Data

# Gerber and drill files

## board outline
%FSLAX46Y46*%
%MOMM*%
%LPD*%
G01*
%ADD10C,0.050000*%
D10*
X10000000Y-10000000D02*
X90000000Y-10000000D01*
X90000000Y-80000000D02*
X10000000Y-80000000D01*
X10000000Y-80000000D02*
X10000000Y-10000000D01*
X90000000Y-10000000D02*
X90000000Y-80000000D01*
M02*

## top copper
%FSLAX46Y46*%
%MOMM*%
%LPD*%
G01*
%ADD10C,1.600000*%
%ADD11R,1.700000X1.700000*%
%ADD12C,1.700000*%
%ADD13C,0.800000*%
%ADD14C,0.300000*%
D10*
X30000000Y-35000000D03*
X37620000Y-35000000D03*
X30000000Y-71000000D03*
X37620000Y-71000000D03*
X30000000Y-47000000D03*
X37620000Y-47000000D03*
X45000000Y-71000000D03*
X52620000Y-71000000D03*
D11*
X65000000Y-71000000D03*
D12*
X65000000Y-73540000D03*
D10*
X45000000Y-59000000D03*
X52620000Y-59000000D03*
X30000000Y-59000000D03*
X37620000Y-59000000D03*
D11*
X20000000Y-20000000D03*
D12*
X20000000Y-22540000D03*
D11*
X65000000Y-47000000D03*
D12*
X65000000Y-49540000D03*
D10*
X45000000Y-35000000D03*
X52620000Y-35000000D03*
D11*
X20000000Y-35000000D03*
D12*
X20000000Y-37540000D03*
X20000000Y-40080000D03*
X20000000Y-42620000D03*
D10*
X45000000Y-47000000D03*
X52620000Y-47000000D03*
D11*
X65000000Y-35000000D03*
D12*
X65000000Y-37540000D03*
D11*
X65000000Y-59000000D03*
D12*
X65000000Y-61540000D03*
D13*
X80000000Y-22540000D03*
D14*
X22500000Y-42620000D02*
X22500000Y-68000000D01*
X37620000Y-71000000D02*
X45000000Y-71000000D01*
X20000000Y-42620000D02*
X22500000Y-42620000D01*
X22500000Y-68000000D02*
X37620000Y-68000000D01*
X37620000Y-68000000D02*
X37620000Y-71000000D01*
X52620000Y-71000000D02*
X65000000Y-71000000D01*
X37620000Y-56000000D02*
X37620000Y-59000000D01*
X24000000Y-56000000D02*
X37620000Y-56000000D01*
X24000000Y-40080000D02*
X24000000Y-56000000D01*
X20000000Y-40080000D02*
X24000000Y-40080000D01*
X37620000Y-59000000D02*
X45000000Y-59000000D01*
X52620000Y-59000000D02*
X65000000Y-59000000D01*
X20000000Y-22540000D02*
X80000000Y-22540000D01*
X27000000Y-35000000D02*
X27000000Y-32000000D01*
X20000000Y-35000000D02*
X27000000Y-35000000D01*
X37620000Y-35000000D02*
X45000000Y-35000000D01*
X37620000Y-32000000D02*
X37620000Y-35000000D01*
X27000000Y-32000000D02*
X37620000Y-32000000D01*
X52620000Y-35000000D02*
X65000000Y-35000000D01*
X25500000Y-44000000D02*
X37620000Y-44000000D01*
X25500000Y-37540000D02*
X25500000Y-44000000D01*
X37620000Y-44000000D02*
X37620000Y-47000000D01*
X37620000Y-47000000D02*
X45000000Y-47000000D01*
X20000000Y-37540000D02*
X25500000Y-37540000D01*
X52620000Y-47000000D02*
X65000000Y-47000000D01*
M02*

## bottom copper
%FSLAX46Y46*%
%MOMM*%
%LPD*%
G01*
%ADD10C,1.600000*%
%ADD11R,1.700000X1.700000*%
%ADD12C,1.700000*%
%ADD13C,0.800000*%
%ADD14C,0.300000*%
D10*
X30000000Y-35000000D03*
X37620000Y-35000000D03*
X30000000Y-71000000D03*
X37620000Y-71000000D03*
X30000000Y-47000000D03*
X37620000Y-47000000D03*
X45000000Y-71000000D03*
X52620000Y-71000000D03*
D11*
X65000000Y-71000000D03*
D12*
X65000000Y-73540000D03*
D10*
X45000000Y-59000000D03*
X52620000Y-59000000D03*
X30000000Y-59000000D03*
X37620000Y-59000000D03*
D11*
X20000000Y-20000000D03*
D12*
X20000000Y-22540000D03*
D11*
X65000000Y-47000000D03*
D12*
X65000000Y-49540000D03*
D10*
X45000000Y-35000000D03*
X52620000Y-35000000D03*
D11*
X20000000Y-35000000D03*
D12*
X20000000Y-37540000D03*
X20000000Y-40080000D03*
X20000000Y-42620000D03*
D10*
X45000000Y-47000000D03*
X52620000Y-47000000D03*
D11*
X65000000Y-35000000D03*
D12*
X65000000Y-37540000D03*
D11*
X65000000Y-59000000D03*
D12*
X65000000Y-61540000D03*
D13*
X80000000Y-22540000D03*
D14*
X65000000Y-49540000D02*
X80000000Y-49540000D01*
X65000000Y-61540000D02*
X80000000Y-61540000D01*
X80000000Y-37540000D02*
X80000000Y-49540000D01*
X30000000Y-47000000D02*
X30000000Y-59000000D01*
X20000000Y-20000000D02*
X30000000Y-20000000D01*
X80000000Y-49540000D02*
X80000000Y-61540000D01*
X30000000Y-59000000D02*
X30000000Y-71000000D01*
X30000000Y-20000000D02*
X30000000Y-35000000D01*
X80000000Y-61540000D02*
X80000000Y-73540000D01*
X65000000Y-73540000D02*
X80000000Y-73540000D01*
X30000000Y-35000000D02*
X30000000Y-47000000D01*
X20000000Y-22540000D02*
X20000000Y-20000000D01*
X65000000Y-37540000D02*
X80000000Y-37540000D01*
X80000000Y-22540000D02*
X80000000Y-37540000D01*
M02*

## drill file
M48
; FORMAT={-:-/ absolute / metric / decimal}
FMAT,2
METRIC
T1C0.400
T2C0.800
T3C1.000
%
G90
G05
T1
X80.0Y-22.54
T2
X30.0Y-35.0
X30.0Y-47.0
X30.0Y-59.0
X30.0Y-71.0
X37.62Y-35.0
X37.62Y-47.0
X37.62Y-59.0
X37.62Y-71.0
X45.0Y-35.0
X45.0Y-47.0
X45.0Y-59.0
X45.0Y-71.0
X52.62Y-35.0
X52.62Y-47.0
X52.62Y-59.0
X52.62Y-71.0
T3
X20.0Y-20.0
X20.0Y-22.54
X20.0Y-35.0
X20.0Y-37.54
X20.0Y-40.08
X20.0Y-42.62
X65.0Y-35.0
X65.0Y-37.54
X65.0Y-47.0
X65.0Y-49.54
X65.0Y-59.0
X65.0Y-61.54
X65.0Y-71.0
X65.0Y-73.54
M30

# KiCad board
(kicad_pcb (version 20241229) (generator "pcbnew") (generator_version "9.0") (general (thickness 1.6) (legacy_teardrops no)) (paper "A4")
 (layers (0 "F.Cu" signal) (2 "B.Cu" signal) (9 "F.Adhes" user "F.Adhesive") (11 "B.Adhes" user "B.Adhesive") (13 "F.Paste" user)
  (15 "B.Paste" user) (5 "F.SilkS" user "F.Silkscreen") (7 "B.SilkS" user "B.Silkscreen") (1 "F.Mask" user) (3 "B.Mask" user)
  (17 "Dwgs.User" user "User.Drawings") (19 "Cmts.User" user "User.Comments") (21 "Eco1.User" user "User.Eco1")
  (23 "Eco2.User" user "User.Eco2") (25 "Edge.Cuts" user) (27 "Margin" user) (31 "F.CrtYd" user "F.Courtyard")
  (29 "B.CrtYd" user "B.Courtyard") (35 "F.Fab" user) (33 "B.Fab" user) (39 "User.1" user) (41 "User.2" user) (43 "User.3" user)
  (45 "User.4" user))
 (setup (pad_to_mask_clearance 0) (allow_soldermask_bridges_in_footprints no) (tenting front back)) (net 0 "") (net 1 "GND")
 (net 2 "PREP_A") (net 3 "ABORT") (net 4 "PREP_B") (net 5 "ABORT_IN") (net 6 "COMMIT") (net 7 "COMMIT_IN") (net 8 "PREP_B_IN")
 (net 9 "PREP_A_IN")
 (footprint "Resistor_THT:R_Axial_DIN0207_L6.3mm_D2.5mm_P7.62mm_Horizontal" (layer "F.Cu") (at 30 35)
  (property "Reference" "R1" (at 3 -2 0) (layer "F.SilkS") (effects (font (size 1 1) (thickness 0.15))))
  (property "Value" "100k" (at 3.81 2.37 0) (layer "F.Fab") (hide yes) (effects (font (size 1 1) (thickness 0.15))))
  (pad "1" thru_hole circle (at 0 0) (size 1.6 1.6) (drill 0.8) (layers "*.Cu" "*.Mask") (remove_unused_layers no) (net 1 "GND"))
  (pad "2" thru_hole circle (at 7.62 0) (size 1.6 1.6) (drill 0.8) (layers "*.Cu" "*.Mask") (remove_unused_layers no) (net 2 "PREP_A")))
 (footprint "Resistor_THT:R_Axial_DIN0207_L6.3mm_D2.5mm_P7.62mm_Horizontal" (layer "F.Cu") (at 30 71)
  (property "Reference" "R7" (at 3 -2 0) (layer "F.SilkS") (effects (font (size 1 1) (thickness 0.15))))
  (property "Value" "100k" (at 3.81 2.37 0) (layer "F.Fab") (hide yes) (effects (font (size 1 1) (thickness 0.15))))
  (pad "1" thru_hole circle (at 0 0) (size 1.6 1.6) (drill 0.8) (layers "*.Cu" "*.Mask") (remove_unused_layers no) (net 1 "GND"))
  (pad "2" thru_hole circle (at 7.62 0) (size 1.6 1.6) (drill 0.8) (layers "*.Cu" "*.Mask") (remove_unused_layers no) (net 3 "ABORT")))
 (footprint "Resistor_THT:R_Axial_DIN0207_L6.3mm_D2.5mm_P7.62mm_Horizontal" (layer "F.Cu") (at 30 47)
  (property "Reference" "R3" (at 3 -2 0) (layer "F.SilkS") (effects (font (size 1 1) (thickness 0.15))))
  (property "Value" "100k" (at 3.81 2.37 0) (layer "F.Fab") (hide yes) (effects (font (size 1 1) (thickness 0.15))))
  (pad "1" thru_hole circle (at 0 0) (size 1.6 1.6) (drill 0.8) (layers "*.Cu" "*.Mask") (remove_unused_layers no) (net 1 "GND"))
  (pad "2" thru_hole circle (at 7.62 0) (size 1.6 1.6) (drill 0.8) (layers "*.Cu" "*.Mask") (remove_unused_layers no) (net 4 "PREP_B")))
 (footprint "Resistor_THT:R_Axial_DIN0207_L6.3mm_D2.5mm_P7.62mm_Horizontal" (layer "F.Cu") (at 45 71)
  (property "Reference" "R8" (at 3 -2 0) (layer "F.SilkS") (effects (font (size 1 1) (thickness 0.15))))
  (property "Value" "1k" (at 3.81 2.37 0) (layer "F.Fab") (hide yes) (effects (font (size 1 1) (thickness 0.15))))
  (pad "1" thru_hole circle (at 0 0) (size 1.6 1.6) (drill 0.8) (layers "*.Cu" "*.Mask") (remove_unused_layers no) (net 3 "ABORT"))
  (pad "2" thru_hole circle (at 7.62 0) (size 1.6 1.6) (drill 0.8) (layers "*.Cu" "*.Mask") (remove_unused_layers no) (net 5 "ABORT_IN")))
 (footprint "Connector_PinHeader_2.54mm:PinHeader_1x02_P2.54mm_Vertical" (layer "F.Cu") (at 65 71)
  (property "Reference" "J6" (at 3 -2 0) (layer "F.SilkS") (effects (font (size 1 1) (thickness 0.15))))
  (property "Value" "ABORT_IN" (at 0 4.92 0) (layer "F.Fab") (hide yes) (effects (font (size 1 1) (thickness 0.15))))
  (pad "1" thru_hole rect (at 0 0) (size 1.7 1.7) (drill 1) (layers "*.Cu" "*.Mask") (remove_unused_layers no) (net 5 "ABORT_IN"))
  (pad "2" thru_hole circle (at 0 2.54) (size 1.7 1.7) (drill 1) (layers "*.Cu" "*.Mask") (remove_unused_layers no) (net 1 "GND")))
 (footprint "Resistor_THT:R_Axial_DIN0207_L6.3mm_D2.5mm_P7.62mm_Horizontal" (layer "F.Cu") (at 45 59)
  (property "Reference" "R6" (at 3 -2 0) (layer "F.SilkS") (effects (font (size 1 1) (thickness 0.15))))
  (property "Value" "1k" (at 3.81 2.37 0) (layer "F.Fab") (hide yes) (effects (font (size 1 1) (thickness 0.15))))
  (pad "1" thru_hole circle (at 0 0) (size 1.6 1.6) (drill 0.8) (layers "*.Cu" "*.Mask") (remove_unused_layers no) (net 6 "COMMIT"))
  (pad "2" thru_hole circle (at 7.62 0) (size 1.6 1.6) (drill 0.8) (layers "*.Cu" "*.Mask") (remove_unused_layers no) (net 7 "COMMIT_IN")))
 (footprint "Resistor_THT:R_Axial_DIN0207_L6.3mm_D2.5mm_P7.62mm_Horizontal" (layer "F.Cu") (at 30 59)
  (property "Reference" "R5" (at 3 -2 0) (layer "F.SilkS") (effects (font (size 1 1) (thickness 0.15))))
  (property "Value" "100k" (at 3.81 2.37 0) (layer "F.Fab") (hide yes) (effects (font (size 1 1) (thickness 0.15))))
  (pad "1" thru_hole circle (at 0 0) (size 1.6 1.6) (drill 0.8) (layers "*.Cu" "*.Mask") (remove_unused_layers no) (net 1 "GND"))
  (pad "2" thru_hole circle (at 7.62 0) (size 1.6 1.6) (drill 0.8) (layers "*.Cu" "*.Mask") (remove_unused_layers no) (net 6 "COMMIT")))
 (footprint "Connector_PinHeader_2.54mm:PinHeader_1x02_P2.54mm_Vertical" (layer "F.Cu") (at 20 20)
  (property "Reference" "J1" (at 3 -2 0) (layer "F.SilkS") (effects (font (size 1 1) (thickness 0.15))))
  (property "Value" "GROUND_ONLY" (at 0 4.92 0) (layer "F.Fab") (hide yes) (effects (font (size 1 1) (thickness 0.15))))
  (pad "1" thru_hole rect (at 0 0) (size 1.7 1.7) (drill 1) (layers "*.Cu" "*.Mask") (remove_unused_layers no) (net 1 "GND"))
  (pad "2" thru_hole circle (at 0 2.54) (size 1.7 1.7) (drill 1) (layers "*.Cu" "*.Mask") (remove_unused_layers no) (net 1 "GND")))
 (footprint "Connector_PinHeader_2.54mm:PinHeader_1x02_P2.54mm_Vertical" (layer "F.Cu") (at 65 47)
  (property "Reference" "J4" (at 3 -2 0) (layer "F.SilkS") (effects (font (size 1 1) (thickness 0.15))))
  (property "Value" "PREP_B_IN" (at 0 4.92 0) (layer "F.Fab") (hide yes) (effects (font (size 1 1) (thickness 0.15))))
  (pad "1" thru_hole rect (at 0 0) (size 1.7 1.7) (drill 1) (layers "*.Cu" "*.Mask") (remove_unused_layers no) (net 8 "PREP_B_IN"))
  (pad "2" thru_hole circle (at 0 2.54) (size 1.7 1.7) (drill 1) (layers "*.Cu" "*.Mask") (remove_unused_layers no) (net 1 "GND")))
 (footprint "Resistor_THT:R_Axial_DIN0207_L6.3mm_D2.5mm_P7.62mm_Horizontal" (layer "F.Cu") (at 45 35)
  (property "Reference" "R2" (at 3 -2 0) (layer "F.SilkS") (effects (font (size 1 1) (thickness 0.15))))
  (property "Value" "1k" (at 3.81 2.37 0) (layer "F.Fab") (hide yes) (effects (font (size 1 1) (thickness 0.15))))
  (pad "1" thru_hole circle (at 0 0) (size 1.6 1.6) (drill 0.8) (layers "*.Cu" "*.Mask") (remove_unused_layers no) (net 2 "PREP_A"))
  (pad "2" thru_hole circle (at 7.62 0) (size 1.6 1.6) (drill 0.8) (layers "*.Cu" "*.Mask") (remove_unused_layers no) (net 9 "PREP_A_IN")))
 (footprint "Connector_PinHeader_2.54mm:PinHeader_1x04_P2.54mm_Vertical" (layer "F.Cu") (at 20 35)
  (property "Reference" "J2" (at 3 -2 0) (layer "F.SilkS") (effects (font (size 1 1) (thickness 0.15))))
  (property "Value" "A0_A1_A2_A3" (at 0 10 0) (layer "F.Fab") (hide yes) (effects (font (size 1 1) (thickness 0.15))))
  (pad "1" thru_hole rect (at 0 0) (size 1.7 1.7) (drill 1) (layers "*.Cu" "*.Mask") (remove_unused_layers no) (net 2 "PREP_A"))
  (pad "2" thru_hole circle (at 0 2.54) (size 1.7 1.7) (drill 1) (layers "*.Cu" "*.Mask") (remove_unused_layers no) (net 4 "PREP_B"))
  (pad "3" thru_hole circle (at 0 5.08) (size 1.7 1.7) (drill 1) (layers "*.Cu" "*.Mask") (remove_unused_layers no) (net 6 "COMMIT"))
  (pad "4" thru_hole circle (at 0 7.62) (size 1.7 1.7) (drill 1) (layers "*.Cu" "*.Mask") (remove_unused_layers no) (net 3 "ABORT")))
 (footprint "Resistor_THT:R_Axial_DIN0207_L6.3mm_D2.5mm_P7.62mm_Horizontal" (layer "F.Cu") (at 45 47)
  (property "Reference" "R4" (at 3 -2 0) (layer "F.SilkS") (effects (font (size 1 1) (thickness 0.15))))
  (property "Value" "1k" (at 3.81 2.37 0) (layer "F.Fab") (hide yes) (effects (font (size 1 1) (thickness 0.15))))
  (pad "1" thru_hole circle (at 0 0) (size 1.6 1.6) (drill 0.8) (layers "*.Cu" "*.Mask") (remove_unused_layers no) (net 4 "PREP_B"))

Goal of the exercise
Output exactly one stretch of the listing: from the line containing "X65.0Y-47.0" through the line containing "(setup (pad_to_mask_clearance 0)", both end lines included.

Exercise answer
X65.0Y-47.0
X65.0Y-49.54
X65.0Y-59.0
X65.0Y-61.54
X65.0Y-71.0
X65.0Y-73.54
M30

# KiCad board
(kicad_pcb (version 20241229) (generator "pcbnew") (generator_version "9.0") (general (thickness 1.6) (legacy_teardrops no)) (paper "A4")
 (layers (0 "F.Cu" signal) (2 "B.Cu" signal) (9 "F.Adhes" user "F.Adhesive") (11 "B.Adhes" user "B.Adhesive") (13 "F.Paste" user)
  (15 "B.Paste" user) (5 "F.SilkS" user "F.Silkscreen") (7 "B.SilkS" user "B.Silkscreen") (1 "F.Mask" user) (3 "B.Mask" user)
  (17 "Dwgs.User" user "User.Drawings") (19 "Cmts.User" user "User.Comments") (21 "Eco1.User" user "User.Eco1")
  (23 "Eco2.User" user "User.Eco2") (25 "Edge.Cuts" user) (27 "Margin" user) (31 "F.CrtYd" user "F.Courtyard")
  (29 "B.CrtYd" user "B.Courtyard") (35 "F.Fab" user) (33 "B.Fab" user) (39 "User.1" user) (41 "User.2" user) (43 "User.3" user)
  (45 "User.4" user))
 (setup (pad_to_mask_clearance 0) (allow_soldermask_bridges_in_footprints no) (tenting front back)) (net 0 "") (net 1 "GND")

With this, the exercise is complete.